So there they stood, those two antagonists, the woman with her eyes snapping and the outraged child with the tears streaming.

"Felicia," the Major's tone was terrifying, "you must apologize at once!"

Felicia was silent. She shook her head. The Major bowed to the French woman. "I apologize for her," he continued. "But I think Mademoiselle D'Ormy, you are right. She is growing into a woman and you are growing into a child—" And whatever else he said after Felice had fled to the garden doesn't matter. Yet two days later when Mademoiselle bade her farewell the two enemies flung themselves on each others' necks and wept. Much to the disgust of the Major, who fairly shoved Mademoiselle away and who appeared not to see the sobbing and impetuous young person who dashed headlong to the nursery.

But after that life was much more serene, much sweeter. To be sure she could no longer ransack the storeroom. She never had to explain to the Major what had occasioned that last tempestuous quarrel but she roamed at will through the whole dusty house and possessed herself gloriously of all its treasures.

You should have seen her in those days, tricking herself out in what finery she could muster from the walnut bureau. For after Mademoiselle's departure the afternoon chess prolonged itself into twilight and Felicia proudly dined with the Major instead of in the nursery.

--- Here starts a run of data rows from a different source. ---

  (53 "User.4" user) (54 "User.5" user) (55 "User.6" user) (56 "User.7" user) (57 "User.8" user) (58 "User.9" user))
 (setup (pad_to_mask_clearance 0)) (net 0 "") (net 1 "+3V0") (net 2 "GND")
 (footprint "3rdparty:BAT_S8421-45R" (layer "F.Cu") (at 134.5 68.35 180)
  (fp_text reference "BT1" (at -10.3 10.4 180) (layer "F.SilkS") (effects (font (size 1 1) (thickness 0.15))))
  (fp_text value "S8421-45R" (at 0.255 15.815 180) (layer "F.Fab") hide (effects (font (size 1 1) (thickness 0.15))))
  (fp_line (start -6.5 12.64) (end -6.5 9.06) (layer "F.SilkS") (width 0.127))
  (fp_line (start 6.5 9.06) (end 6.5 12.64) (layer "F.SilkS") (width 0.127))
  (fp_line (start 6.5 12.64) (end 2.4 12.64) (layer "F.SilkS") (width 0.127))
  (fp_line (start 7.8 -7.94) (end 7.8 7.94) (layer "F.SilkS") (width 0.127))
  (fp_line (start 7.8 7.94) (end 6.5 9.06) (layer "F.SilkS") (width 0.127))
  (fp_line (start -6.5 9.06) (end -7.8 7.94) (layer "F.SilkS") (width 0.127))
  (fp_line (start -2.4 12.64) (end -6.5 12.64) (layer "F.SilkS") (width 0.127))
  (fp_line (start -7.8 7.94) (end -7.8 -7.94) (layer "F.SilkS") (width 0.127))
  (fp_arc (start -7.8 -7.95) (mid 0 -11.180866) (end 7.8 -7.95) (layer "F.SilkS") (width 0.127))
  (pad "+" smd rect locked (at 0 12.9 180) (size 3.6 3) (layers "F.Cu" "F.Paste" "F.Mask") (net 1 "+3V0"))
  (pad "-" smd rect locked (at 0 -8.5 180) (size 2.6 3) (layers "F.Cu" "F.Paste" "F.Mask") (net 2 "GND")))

She knew how one should look for dinner because there was Maman's portrait over the drawing-room fireplace, in the frock she'd worn when she had dined "with her family in France—" Mademoiselle had dressed Octavia for that wonderful party and she had never tired of telling Felicia how beautiful the eighteen-year Octavia had been.

"It is a woman's duty to think of her charms," Mademoiselle had said, "that is what the husband of Julie, Madame Recamier, said, it is what Madame Louise taught Miss Octavia—"

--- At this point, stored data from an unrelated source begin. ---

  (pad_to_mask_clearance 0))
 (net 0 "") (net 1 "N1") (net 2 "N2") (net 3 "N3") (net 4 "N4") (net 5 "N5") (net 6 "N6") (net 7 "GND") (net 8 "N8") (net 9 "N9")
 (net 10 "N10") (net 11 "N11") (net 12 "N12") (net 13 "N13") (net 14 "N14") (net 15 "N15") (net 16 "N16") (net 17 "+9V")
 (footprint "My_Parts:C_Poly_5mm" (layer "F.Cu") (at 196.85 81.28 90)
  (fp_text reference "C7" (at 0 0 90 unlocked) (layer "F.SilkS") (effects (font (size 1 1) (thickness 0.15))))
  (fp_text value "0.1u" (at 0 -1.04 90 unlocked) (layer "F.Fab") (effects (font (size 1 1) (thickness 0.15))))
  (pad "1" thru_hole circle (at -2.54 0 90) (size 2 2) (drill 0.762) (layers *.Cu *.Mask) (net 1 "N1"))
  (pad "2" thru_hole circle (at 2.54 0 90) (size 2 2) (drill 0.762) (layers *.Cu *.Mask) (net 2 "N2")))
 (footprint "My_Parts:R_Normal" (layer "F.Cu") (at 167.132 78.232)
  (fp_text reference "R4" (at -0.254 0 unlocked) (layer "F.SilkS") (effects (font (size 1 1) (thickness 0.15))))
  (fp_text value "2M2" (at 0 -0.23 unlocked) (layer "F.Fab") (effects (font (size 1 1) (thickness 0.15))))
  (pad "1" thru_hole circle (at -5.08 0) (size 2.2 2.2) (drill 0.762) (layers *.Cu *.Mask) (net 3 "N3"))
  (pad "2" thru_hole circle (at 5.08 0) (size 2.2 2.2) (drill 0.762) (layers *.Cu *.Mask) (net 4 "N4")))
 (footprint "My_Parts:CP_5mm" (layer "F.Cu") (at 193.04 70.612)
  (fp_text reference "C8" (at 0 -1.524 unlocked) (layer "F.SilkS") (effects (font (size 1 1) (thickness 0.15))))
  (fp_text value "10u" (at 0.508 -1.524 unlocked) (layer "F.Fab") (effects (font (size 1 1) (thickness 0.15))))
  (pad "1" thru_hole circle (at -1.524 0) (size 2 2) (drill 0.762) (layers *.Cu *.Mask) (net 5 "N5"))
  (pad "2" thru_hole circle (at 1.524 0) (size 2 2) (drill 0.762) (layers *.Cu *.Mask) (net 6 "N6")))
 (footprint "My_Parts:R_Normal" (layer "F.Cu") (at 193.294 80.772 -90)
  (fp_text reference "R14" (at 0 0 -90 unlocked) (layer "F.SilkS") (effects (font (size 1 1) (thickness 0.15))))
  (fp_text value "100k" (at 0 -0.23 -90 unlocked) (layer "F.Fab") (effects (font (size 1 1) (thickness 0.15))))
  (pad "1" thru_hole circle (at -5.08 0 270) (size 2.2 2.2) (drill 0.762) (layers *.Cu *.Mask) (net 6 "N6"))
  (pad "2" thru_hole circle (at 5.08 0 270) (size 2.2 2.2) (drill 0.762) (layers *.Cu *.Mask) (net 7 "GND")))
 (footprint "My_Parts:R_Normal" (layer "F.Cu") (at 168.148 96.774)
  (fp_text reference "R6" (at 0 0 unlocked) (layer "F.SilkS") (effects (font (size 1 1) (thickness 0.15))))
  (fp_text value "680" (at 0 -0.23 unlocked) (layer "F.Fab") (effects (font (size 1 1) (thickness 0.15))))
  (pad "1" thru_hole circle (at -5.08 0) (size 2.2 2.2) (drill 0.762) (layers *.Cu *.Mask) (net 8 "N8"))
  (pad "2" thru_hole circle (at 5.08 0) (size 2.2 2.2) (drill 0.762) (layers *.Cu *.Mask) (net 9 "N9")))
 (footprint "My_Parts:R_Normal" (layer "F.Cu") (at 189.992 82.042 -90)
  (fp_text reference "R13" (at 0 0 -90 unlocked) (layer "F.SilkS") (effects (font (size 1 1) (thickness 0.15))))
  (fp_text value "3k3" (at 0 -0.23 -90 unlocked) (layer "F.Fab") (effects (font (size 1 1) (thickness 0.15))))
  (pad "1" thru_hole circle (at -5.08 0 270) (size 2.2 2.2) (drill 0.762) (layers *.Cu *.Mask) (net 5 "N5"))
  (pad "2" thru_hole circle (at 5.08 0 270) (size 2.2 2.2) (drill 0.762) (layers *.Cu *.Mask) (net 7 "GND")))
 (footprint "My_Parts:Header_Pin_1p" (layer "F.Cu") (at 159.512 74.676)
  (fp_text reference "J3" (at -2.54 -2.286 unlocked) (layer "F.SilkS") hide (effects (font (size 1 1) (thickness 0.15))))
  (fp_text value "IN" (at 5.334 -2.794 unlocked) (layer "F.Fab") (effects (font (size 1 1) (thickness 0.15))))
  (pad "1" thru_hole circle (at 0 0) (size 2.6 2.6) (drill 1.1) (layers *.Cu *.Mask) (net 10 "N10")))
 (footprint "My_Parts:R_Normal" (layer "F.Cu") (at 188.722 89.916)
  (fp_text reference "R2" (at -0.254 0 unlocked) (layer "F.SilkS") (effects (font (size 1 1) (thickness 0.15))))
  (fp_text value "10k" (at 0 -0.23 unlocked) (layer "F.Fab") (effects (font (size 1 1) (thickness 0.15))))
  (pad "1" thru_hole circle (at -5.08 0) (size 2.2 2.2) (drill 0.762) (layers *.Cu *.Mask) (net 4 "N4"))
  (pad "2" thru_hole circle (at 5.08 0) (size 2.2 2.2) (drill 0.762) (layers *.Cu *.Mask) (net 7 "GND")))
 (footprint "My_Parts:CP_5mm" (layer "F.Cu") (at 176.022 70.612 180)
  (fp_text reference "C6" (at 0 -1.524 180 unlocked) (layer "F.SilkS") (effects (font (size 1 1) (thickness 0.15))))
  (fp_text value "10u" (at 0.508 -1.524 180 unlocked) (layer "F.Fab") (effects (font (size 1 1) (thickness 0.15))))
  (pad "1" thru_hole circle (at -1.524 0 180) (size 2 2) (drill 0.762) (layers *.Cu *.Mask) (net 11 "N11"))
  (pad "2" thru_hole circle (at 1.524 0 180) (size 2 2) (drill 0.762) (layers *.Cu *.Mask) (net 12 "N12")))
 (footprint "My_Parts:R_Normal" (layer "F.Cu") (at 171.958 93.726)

And so Felicia naively parted her hair and brushed it satin-smooth and coiled it neatly on the nape of her white neck with the same big carved coral Spanish comb tucked into the shining mass that Octavia had worn when she sat for the portrait. Sometimes she wore the lovely black lace shawl, sometimes the creamy white embroidered silk one, and always the delicate coral and silver jewelry. Yet she couldn't possibly have known from the pale image that stared back at her from the dim shimmer of the drawing-room mirrors, how exquisitely lovely she was, not even when the Major bent over her hand and said, as he had said so often to her mother,

"You are very charming today, my dear!"

He did not know himself, the grim old stoic, how much he adored her.